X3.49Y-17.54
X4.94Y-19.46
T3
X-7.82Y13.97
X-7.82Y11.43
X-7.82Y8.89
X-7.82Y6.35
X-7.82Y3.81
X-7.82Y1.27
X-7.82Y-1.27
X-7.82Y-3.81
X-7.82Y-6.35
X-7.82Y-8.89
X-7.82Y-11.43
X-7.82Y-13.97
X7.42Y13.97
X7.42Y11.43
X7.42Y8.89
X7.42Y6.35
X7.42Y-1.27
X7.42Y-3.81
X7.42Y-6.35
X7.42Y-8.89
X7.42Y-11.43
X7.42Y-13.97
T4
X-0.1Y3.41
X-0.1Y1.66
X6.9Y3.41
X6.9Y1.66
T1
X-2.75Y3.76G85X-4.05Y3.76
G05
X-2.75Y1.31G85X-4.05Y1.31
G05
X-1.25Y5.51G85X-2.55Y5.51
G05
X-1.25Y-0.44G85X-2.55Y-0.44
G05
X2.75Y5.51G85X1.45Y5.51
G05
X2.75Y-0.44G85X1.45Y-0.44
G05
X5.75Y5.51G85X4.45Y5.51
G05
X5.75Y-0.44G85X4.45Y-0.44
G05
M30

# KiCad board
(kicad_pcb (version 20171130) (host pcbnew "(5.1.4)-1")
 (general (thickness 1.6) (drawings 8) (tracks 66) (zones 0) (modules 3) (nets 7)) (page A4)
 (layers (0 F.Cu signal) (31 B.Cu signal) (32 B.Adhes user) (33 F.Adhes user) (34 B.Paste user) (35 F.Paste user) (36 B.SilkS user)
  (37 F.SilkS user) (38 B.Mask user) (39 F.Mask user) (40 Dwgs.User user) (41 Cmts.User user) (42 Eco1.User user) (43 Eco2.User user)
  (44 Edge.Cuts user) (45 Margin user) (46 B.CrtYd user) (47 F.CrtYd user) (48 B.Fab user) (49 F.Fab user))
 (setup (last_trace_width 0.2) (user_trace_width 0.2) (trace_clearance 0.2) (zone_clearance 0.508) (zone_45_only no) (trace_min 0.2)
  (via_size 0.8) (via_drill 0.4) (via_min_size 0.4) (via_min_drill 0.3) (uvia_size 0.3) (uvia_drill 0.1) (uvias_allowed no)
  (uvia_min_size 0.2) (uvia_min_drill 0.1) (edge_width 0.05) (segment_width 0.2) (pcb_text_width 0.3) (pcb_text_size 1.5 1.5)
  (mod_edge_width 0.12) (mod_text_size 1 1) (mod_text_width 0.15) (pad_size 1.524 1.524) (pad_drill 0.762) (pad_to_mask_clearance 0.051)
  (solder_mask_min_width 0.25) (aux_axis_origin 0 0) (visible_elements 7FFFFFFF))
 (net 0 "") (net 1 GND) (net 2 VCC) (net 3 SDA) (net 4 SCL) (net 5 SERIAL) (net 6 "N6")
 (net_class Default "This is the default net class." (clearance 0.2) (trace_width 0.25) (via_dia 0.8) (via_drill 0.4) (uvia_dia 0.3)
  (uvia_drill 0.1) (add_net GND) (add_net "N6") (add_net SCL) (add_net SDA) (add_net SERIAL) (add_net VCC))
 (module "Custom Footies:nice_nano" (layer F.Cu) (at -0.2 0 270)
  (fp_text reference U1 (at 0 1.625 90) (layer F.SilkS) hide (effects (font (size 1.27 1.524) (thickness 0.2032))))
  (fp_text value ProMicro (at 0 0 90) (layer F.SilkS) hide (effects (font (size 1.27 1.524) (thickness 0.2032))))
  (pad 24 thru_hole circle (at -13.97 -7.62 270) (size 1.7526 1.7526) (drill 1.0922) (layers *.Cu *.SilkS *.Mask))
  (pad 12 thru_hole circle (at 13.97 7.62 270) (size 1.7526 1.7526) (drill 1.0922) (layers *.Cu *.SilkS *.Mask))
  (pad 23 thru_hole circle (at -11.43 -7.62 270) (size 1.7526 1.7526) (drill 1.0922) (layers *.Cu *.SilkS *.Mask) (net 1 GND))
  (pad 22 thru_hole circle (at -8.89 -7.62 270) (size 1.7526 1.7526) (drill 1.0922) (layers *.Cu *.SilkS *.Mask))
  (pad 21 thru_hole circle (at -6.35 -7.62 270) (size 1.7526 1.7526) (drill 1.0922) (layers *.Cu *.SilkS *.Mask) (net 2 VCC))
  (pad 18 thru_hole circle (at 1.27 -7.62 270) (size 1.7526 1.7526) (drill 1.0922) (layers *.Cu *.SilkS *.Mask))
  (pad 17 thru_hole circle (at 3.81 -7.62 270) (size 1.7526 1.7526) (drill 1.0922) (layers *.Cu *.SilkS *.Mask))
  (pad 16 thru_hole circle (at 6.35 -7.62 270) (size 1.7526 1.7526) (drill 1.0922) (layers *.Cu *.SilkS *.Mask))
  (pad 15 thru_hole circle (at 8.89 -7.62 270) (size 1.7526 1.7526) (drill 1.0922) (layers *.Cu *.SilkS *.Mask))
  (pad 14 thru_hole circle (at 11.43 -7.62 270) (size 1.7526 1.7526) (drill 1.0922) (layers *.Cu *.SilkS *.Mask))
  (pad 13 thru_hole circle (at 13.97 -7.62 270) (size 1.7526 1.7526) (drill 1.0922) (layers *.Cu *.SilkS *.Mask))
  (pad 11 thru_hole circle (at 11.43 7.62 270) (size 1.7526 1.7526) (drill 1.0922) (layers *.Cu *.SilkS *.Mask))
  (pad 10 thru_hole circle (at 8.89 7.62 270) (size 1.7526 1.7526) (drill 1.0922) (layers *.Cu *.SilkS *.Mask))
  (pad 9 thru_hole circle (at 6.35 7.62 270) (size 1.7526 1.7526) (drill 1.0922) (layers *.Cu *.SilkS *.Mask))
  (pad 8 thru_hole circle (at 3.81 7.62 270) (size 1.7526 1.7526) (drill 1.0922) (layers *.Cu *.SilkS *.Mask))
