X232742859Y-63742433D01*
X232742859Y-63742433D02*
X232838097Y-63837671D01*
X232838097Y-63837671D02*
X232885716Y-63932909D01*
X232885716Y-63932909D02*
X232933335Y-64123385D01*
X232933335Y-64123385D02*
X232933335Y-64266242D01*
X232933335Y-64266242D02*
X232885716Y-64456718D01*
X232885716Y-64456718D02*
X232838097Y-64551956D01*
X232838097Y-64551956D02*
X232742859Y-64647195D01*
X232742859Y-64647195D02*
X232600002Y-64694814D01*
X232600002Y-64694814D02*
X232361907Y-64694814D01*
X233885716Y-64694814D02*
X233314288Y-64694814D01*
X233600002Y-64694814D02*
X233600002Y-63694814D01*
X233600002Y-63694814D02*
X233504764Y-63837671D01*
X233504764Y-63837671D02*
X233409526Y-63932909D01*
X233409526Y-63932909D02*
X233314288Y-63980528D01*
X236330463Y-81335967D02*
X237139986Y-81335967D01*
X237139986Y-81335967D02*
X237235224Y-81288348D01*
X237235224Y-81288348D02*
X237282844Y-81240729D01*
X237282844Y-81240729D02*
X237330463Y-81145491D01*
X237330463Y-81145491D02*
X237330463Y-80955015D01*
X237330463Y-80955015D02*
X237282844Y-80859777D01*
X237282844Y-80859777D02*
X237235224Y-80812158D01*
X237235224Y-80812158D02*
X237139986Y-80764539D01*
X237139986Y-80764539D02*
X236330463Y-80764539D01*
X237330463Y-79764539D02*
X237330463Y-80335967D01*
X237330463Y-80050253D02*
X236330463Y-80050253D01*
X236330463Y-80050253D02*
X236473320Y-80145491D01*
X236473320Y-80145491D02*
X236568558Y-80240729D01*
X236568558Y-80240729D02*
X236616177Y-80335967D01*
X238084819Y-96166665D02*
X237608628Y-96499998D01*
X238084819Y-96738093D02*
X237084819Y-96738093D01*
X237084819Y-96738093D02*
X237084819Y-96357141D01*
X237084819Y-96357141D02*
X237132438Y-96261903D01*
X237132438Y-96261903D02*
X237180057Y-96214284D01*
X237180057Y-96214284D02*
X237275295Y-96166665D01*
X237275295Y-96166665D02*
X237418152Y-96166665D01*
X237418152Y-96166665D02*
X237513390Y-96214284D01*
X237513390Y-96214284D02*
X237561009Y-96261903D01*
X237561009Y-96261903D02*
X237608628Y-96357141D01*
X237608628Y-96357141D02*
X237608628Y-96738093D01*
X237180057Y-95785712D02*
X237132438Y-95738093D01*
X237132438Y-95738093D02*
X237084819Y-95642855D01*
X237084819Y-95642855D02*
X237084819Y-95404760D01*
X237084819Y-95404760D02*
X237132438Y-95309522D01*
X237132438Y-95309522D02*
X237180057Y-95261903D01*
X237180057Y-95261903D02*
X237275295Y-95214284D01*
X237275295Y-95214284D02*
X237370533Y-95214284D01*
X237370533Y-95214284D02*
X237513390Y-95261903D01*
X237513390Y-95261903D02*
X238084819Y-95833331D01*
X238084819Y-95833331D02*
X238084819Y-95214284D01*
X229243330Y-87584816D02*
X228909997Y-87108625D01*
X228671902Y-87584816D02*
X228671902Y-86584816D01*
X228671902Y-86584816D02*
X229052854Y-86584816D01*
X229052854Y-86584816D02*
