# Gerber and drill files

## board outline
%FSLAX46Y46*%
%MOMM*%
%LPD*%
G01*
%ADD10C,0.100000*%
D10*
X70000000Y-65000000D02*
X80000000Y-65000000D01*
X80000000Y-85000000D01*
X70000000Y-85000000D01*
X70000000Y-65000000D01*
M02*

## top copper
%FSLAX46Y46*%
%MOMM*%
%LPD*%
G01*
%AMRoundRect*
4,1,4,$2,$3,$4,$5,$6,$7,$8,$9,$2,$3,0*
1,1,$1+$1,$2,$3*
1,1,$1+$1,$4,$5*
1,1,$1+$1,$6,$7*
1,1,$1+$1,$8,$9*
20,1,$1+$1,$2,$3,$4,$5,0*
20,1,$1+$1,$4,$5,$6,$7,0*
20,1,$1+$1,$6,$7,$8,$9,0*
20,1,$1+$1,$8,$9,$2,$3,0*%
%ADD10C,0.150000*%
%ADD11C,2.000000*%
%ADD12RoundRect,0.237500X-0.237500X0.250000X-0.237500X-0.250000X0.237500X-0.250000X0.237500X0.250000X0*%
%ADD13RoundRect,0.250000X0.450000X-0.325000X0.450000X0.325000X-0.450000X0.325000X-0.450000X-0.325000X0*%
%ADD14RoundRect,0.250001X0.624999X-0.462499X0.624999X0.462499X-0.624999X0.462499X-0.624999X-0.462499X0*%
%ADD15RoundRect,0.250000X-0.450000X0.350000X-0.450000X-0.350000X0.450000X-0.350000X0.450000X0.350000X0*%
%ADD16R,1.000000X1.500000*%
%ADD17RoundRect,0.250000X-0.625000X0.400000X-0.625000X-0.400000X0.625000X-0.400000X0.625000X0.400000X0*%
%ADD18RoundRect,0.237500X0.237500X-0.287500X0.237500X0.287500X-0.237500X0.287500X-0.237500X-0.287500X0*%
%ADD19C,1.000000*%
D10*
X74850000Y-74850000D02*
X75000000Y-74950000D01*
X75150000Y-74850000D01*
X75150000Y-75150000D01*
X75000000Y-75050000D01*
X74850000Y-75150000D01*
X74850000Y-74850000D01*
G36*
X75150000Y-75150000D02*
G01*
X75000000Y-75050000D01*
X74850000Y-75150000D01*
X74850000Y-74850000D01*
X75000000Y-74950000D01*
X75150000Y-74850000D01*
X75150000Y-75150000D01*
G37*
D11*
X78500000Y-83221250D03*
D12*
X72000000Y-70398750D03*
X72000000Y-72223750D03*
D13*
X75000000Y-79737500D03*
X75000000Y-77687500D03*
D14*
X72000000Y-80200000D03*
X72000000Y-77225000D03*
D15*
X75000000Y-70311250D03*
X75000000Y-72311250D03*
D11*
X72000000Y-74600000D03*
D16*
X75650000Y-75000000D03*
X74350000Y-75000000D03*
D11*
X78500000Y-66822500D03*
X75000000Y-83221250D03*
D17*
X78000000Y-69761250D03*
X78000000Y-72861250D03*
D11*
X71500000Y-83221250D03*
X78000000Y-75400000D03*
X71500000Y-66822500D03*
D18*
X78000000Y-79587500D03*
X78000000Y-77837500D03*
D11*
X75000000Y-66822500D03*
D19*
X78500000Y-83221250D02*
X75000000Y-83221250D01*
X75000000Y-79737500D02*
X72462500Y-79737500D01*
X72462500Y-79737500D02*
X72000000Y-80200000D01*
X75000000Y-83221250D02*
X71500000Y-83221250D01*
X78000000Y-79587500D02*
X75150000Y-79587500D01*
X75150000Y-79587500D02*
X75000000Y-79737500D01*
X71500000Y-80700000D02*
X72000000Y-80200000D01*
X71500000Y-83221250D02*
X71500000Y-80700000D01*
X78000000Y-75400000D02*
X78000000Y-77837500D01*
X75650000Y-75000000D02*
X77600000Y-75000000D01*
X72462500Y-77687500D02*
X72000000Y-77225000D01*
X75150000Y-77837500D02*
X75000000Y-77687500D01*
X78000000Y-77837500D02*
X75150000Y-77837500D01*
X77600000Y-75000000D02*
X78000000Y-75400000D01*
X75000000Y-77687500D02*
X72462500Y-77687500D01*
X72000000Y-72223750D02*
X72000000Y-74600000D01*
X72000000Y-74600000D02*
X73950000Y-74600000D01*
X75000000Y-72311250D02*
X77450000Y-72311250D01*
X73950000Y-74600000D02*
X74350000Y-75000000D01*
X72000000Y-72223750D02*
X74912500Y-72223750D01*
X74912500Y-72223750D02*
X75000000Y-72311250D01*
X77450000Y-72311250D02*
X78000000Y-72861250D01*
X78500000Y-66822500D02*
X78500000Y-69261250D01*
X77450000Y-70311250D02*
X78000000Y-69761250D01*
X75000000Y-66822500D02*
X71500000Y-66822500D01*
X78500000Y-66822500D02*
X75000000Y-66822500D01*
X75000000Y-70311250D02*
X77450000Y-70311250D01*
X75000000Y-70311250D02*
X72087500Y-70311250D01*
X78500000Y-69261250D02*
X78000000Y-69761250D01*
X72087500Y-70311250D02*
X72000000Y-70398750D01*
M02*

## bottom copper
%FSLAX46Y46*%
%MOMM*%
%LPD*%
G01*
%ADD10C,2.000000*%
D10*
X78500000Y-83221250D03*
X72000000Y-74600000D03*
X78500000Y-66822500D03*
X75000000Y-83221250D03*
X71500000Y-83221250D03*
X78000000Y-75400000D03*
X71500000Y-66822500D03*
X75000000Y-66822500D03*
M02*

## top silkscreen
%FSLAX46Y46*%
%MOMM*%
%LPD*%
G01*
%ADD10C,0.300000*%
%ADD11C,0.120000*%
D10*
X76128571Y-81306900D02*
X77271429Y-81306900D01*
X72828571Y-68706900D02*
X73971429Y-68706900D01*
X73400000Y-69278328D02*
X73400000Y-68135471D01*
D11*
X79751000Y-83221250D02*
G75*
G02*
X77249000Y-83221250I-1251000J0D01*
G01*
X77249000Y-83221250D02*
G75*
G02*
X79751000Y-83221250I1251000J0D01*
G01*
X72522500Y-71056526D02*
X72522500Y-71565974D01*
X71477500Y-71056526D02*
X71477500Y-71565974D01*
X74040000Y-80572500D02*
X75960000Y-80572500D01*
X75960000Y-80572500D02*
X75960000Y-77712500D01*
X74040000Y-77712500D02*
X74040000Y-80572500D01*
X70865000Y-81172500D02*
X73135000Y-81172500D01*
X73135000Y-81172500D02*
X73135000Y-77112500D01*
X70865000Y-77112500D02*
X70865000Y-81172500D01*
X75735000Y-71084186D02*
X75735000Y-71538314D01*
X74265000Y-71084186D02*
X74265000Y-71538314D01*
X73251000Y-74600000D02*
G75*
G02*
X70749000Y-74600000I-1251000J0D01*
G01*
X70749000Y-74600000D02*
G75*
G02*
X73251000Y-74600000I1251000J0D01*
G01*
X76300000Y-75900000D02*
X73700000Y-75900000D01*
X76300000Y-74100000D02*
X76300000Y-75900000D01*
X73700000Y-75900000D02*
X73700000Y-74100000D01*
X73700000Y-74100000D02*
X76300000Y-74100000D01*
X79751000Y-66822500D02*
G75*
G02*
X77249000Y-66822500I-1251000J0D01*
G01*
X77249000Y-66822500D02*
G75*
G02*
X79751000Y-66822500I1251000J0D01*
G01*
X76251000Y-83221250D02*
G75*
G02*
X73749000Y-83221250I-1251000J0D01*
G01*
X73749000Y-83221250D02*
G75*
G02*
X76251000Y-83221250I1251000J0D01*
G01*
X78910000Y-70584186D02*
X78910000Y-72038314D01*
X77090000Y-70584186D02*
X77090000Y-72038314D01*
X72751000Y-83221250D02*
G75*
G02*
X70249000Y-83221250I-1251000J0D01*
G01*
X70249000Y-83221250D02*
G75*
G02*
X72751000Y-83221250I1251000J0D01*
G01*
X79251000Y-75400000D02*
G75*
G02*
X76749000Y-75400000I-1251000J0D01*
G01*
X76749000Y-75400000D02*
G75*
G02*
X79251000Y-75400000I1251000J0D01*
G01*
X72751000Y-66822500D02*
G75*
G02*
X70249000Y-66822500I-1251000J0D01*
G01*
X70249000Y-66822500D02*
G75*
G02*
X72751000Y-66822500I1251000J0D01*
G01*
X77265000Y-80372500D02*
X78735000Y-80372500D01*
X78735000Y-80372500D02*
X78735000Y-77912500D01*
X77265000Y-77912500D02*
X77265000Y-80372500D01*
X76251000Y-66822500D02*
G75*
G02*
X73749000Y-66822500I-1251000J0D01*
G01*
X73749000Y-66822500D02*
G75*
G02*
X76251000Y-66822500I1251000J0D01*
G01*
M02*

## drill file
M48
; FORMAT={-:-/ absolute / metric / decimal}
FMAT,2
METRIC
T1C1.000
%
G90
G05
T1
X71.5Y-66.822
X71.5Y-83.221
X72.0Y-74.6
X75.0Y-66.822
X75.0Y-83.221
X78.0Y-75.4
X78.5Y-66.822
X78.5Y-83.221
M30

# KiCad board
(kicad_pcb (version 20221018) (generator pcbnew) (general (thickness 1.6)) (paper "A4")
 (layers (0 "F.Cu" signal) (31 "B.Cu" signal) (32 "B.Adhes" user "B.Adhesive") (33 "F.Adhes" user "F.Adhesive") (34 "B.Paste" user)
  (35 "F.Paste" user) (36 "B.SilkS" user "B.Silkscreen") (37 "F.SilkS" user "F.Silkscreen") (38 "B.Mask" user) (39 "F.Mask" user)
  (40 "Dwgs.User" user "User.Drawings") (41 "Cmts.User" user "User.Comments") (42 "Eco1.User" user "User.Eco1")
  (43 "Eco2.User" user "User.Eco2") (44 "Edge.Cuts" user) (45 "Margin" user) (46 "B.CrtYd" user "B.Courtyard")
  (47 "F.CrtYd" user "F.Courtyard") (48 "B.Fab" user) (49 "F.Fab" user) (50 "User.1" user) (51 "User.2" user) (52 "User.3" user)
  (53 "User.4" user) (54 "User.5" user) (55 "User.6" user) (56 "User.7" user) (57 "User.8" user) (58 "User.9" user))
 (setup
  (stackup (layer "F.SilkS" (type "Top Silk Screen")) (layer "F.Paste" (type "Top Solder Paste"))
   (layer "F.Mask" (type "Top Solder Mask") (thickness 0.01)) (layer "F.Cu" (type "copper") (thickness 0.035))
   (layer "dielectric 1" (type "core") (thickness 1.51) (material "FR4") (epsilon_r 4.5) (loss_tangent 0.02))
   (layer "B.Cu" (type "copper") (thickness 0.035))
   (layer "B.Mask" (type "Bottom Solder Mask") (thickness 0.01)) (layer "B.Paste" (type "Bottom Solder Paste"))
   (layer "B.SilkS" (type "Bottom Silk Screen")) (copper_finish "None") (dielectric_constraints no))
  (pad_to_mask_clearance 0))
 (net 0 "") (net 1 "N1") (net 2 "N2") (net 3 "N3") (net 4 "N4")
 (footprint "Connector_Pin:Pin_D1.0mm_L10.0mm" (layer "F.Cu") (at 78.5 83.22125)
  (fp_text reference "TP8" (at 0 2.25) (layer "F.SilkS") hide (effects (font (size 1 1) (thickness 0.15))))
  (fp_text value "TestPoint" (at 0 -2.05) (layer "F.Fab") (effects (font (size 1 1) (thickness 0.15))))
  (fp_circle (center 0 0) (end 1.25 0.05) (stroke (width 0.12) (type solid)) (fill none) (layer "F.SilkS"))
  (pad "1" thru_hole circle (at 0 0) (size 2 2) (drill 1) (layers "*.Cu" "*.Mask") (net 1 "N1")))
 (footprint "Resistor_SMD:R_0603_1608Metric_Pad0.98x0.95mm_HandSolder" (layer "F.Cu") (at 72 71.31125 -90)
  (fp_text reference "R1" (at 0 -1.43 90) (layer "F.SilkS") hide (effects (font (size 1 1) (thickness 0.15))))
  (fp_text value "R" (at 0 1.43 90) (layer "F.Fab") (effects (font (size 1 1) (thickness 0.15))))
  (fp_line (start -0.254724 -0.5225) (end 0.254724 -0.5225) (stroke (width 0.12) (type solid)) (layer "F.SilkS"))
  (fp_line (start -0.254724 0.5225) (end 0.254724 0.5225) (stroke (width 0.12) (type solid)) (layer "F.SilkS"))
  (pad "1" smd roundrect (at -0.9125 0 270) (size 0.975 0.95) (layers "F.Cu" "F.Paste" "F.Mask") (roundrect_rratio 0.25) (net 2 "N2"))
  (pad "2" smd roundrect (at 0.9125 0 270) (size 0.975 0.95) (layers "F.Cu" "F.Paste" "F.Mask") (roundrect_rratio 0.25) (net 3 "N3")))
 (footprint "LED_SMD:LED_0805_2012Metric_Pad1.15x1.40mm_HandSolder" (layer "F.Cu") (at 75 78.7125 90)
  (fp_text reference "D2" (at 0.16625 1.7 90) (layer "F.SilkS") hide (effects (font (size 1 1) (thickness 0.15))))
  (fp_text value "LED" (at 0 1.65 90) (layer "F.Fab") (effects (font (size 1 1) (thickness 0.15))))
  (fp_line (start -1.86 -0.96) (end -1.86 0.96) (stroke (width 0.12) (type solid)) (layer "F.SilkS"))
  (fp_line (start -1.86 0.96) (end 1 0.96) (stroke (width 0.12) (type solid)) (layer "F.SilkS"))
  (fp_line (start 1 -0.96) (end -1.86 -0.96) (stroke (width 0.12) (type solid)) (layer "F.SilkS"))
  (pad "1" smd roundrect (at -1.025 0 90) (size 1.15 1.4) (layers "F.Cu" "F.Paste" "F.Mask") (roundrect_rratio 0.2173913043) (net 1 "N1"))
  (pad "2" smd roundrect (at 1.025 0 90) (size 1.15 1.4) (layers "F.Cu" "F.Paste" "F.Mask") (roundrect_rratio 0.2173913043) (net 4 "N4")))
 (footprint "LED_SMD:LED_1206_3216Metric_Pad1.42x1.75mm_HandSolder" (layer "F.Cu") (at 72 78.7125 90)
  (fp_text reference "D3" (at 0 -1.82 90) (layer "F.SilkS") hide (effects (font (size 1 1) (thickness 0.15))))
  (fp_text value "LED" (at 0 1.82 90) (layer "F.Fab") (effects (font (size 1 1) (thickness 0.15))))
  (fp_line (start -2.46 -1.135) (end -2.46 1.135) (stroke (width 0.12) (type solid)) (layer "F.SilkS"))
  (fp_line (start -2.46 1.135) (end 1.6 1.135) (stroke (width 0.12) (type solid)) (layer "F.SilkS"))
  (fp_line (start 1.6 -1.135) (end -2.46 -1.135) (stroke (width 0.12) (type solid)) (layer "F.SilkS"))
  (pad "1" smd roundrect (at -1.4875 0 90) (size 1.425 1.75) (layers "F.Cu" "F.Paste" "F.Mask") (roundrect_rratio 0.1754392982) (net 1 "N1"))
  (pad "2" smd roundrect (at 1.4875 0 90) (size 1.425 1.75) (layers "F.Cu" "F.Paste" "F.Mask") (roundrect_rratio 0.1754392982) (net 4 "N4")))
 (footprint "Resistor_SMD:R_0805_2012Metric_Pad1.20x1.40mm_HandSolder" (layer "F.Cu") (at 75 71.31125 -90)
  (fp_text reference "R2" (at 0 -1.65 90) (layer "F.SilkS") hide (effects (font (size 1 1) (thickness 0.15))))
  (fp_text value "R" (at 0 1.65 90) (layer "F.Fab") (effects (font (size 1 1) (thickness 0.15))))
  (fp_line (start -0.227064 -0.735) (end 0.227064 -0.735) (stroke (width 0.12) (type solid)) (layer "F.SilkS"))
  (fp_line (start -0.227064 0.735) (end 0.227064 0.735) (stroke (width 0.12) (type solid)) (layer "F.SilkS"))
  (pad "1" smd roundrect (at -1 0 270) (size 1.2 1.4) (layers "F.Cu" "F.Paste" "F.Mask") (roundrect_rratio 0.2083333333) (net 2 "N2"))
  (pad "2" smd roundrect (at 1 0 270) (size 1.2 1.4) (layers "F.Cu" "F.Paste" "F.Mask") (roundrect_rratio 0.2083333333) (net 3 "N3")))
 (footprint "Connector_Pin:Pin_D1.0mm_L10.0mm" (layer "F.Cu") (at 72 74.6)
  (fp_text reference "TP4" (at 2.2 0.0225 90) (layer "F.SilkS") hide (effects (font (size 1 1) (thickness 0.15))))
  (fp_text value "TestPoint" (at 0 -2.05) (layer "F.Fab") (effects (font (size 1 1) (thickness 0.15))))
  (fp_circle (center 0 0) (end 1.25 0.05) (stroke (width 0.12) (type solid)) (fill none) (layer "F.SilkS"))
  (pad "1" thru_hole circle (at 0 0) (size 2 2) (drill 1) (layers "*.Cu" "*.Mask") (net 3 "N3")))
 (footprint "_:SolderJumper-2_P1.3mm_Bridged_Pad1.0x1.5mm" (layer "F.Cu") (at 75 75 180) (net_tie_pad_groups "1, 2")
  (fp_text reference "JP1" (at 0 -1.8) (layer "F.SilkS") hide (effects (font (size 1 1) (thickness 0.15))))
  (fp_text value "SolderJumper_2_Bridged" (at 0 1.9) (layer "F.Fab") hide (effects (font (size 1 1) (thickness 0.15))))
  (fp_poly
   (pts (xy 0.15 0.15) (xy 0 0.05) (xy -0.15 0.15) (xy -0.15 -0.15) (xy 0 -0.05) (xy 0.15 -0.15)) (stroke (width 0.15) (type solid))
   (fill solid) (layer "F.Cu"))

**Problem details**
Please copy every line in the entries where "CrtYd" appears.

**Exercise output**
  (44 Edge.Cuts user) (45 Margin user) (46 B.CrtYd user) (47 F.CrtYd user) (48 B.Fab user) (49 F.Fab user))
  (43 "Eco2.User" user "User.Eco2") (44 "Edge.Cuts" user) (45 "Margin" user) (46 "B.CrtYd" user "B.Courtyard")
  (47 "F.CrtYd" user "F.Courtyard") (48 "B.Fab" user) (49 "F.Fab" user) (50 "User.1" user) (51 "User.2" user) (52 "User.3" user)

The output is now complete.